# What to put for hostname?

## Sivar

What does one enter or "hostname" in hosts and host.conf if there is none to speak of? 

For /etc/hosts I used:

127.0.0.1	localhost

10.0.0.2 	tiamat.dhs.org	tiamat

and for /etc/hostname I used:

tiamat.dhs.org

Now, tiamat.dhs.org does not exist. My Linux machine is completely behind a firewall and has no external IP of its own.

So if the machine has no such name, what should be used, exactly?
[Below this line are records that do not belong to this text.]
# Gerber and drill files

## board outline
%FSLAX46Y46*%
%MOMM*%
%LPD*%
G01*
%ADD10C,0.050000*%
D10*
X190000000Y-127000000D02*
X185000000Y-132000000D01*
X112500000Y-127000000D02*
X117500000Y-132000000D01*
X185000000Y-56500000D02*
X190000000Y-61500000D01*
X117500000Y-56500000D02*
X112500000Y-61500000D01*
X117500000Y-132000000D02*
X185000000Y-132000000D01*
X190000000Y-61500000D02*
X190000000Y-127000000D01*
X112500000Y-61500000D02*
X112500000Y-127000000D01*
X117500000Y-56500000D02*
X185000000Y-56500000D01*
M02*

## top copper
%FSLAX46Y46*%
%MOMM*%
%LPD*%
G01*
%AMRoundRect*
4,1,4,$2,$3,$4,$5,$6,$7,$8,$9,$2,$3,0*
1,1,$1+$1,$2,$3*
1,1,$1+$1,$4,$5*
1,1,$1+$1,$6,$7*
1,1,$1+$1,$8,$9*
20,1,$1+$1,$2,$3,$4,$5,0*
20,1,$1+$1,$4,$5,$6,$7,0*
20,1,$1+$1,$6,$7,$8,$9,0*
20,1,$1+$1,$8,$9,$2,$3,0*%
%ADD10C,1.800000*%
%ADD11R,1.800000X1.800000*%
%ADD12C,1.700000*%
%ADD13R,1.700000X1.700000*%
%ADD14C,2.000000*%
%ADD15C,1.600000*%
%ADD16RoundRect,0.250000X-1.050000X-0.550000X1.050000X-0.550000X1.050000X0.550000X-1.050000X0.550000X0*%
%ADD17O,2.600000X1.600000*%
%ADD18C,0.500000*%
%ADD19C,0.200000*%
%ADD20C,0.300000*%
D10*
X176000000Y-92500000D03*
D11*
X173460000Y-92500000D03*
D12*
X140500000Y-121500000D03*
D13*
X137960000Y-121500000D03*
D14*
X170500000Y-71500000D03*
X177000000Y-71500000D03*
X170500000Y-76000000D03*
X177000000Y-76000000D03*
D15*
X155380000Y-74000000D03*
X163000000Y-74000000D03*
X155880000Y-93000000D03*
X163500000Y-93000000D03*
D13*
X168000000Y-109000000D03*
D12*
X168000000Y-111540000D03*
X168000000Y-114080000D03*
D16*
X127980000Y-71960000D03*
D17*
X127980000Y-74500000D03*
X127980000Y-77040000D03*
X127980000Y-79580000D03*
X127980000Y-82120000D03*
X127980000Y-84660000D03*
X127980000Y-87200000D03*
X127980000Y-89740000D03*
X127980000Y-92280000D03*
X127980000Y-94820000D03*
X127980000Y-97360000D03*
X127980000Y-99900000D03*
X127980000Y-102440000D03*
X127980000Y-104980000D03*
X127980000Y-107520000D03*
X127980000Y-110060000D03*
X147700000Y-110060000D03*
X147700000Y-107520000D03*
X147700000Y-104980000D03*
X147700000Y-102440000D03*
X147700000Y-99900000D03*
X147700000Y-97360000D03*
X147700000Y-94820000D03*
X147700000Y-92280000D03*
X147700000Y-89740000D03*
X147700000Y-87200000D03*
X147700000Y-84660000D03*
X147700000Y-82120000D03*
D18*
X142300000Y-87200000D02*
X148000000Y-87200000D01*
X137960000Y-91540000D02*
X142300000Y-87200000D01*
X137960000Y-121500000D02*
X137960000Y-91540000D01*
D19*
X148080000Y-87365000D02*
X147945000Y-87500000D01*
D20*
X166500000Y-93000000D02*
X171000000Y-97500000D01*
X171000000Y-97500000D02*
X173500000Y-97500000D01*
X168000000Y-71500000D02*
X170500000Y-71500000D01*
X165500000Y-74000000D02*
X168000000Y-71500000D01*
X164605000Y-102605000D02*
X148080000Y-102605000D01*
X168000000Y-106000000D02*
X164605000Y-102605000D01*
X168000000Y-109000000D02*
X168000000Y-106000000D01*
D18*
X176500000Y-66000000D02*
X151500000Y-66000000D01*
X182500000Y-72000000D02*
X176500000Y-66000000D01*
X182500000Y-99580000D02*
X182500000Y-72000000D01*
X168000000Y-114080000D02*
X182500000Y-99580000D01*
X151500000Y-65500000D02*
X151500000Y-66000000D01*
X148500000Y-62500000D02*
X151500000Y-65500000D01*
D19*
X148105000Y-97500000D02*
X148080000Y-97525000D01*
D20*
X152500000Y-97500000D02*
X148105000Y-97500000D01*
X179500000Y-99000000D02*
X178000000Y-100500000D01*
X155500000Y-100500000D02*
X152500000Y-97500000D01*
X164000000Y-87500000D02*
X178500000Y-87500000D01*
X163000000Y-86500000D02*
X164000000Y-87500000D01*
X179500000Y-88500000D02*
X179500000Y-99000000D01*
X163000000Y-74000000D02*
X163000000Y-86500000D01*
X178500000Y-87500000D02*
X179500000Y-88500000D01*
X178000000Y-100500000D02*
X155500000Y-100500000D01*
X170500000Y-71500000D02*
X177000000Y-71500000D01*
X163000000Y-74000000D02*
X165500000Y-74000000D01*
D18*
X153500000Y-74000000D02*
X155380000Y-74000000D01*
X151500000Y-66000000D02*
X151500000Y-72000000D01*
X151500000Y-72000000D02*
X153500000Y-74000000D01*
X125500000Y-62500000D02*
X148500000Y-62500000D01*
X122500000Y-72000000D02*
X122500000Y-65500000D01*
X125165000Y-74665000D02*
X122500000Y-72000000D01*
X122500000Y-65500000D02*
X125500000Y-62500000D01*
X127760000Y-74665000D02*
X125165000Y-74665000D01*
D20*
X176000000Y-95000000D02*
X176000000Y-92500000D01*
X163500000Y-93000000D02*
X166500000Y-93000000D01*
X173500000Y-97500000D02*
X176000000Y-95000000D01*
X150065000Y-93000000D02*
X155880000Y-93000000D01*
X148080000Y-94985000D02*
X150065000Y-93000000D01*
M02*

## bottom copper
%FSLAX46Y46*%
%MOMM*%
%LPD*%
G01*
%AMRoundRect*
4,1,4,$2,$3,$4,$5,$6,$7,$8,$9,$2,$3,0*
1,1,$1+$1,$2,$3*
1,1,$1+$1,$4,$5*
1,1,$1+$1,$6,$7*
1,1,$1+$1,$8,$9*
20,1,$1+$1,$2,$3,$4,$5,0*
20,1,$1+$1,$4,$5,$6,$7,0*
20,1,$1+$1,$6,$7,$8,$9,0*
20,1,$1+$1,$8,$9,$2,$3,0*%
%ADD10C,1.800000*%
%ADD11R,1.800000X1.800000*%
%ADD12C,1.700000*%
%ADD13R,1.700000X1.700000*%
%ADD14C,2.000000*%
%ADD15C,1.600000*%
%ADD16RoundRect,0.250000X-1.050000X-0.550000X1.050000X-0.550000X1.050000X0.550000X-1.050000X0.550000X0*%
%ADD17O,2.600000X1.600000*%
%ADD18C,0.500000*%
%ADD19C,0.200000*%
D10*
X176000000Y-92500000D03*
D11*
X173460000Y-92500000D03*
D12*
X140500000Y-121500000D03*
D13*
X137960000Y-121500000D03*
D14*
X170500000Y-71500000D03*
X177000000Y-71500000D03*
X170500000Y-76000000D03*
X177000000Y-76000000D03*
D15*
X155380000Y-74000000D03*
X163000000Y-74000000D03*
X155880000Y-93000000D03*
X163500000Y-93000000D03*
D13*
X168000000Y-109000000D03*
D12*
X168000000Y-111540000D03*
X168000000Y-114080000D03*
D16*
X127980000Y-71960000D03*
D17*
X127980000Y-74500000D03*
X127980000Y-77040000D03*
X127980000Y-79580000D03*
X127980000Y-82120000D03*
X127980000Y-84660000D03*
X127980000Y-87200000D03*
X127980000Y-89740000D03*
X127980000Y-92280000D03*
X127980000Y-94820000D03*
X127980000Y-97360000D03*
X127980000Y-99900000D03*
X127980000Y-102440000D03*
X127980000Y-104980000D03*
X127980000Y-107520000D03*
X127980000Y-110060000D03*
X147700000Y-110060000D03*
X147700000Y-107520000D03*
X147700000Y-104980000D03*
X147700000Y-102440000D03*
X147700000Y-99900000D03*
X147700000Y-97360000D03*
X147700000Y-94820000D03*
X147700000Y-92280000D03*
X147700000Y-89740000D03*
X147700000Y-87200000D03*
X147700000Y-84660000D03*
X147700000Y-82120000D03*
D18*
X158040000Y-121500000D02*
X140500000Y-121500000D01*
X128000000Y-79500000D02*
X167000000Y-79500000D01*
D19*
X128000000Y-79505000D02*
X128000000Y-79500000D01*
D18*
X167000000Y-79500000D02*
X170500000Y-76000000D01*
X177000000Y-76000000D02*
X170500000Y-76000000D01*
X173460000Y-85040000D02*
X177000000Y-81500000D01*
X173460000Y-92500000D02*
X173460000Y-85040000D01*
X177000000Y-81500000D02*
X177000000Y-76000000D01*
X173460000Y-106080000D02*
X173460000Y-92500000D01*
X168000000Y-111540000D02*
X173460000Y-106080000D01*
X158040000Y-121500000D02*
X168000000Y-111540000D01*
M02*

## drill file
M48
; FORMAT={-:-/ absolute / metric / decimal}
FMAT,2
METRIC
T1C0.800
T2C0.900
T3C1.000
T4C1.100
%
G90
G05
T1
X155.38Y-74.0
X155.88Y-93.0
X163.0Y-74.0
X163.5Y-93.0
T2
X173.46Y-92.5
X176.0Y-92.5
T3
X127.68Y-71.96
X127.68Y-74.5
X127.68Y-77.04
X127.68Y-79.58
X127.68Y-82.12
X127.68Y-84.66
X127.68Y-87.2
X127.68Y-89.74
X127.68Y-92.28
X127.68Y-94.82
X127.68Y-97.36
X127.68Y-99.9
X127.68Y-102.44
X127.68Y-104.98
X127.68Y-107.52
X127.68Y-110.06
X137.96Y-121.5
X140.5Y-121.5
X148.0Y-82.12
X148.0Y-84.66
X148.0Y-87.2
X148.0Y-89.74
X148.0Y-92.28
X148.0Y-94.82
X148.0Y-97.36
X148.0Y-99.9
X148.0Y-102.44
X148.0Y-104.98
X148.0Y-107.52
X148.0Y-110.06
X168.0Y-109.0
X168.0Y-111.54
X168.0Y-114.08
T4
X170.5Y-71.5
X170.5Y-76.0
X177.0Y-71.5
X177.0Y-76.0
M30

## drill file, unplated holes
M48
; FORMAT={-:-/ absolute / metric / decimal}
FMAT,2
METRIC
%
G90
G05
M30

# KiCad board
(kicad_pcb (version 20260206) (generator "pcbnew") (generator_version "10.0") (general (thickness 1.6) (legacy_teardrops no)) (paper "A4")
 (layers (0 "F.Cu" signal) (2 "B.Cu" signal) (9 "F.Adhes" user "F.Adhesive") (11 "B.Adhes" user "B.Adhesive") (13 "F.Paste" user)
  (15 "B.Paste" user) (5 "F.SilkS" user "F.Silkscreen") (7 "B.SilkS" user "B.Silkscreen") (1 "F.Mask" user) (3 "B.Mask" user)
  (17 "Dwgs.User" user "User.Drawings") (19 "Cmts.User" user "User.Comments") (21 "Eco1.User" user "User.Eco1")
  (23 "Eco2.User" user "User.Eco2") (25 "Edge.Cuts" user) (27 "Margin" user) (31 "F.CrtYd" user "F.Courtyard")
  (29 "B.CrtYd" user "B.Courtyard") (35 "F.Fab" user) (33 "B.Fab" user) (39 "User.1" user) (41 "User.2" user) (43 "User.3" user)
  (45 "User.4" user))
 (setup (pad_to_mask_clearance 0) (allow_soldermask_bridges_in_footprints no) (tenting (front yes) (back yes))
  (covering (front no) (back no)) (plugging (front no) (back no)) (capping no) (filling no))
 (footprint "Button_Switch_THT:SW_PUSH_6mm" (layer "F.Cu") (at 170.5 71.5)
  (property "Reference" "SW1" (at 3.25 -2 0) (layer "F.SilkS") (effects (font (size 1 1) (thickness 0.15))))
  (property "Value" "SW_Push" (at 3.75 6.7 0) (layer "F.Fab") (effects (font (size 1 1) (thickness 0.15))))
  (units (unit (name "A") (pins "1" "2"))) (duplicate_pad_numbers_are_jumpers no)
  (pad "1" thru_hole circle (at 0 0 90) (size 2 2) (drill 1.1) (layers "*.Cu" "*.Mask") (remove_unused_layers no)
   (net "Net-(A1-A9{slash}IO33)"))
  (pad "1" thru_hole circle (at 6.5 0 90) (size 2 2) (drill 1.1) (layers "*.Cu" "*.Mask") (remove_unused_layers no)
   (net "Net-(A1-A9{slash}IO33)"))
  (pad "2" thru_hole circle (at 0 4.5 90) (size 2 2) (drill 1.1) (layers "*.Cu" "*.Mask") (remove_unused_layers no) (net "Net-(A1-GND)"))
  (pad "2" thru_hole circle (at 6.5 4.5 90) (size 2 2) (drill 1.1) (layers "*.Cu" "*.Mask") (remove_unused_layers no) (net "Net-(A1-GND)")))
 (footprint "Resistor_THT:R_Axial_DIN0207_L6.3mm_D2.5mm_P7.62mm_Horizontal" (layer "F.Cu") (at 155.88 93)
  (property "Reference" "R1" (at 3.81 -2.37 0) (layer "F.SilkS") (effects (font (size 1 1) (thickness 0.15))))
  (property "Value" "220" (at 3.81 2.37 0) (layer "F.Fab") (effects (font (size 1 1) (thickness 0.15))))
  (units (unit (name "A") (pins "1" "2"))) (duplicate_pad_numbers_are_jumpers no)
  (pad "1" thru_hole circle (at 0 0) (size 1.6 1.6) (drill 0.8) (layers "*.Cu" "*.Mask") (remove_unused_layers no)
   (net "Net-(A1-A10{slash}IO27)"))
  (pad "2" thru_hole circle (at 7.62 0) (size 1.6 1.6) (drill 0.8) (layers "*.Cu" "*.Mask") (remove_unused_layers no) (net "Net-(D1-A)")))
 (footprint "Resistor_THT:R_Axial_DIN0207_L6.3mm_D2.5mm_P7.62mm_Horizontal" (layer "F.Cu") (at 155.38 74)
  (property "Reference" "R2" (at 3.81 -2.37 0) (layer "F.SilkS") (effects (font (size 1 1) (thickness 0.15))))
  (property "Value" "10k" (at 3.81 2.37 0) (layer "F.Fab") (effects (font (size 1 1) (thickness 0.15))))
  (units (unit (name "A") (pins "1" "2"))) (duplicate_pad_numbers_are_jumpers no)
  (pad "1" thru_hole circle (at 0 0) (size 1.6 1.6) (drill 0.8) (layers "*.Cu" "*.Mask") (remove_unused_layers no) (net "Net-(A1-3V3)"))
  (pad "2" thru_hole circle (at 7.62 0) (size 1.6 1.6) (drill 0.8) (layers "*.Cu" "*.Mask") (remove_unused_layers no)
   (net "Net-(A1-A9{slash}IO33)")))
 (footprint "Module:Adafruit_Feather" (layer "F.Cu") (at 127.68 71.96)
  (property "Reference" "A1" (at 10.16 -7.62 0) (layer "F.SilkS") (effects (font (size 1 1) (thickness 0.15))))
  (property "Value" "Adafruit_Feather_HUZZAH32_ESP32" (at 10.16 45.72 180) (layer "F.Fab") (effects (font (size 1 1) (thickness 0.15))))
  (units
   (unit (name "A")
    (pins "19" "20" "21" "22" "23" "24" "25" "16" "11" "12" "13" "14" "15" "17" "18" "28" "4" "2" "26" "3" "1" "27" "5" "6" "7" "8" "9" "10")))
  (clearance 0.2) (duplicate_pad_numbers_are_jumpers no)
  (pad "1" thru_hole roundrect (at 0 0) (size 2.6 1.6) (drill 1 (offset 0.3 0)) (layers "*.Cu" "*.Mask") (remove_unused_layers no)
   (roundrect_rratio 0.15625) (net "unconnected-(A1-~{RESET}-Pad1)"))
  (pad "2" thru_hole oval (at 0 2.54) (size 2.6 1.6) (drill 1 (offset 0.3 0)) (layers "*.Cu" "*.Mask") (remove_unused_layers no)
   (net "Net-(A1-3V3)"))
  (pad "3" thru_hole oval (at 0 5.08) (size 2.6 1.6) (drill 1 (offset 0.3 0)) (layers "*.Cu" "*.Mask") (remove_unused_layers no)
Thanks ahead of time for suggestions

----------

## CMitchell

 *Sivar wrote:*   

> What does one enter or "hostname" in hosts and host.conf if there is none to speak of? 
> 
> For /etc/hosts I used:
> 
> 127.0.0.1	localhost
> ...

 

localhost.localdomain ?

----------

## handsomepete

Just name it after whatever amuses you.  Whatever you want.  For instance, I named my behind firewall network after the Comic Book Guy's (from The Simpsons of course) fanboy forum on the internet --> i.e. alt.nerd.obsessive

gentoo.something 

linux.something 

arealllylongword.madeupdomain.com

It doesn't really matter what it is.  Even if you're running a webserver/mailserver you can still use virtual hosts to receive whatever you need to get.  What's wrong with what you've got?  Maybe we should open up a thread where people post their computer names... that might give you some ideas.  :Smile: 

----------

## Sivar

 *handsomepete wrote:*   

> Just name it after whatever amuses you.  Whatever you want.  For instance, I named my behind firewall network after the Comic Book Guy's (from The Simpsons of course) fanboy forum on the internet --> i.e. alt.nerd.obsessive
> 
> gentoo.something 
> 
> linux.something 
> ...

 

Not a bad idea.  :Smile: 

The system worked well, but I read a thread about putting ones domain name and IP in the appropriate spot which resulted in KDE application performance increases. Such an increase seems rather strange, though, unless KDE tries to lookup the client name with each application run.

----------

## TheWart

I just call mine penguin.home.com

----------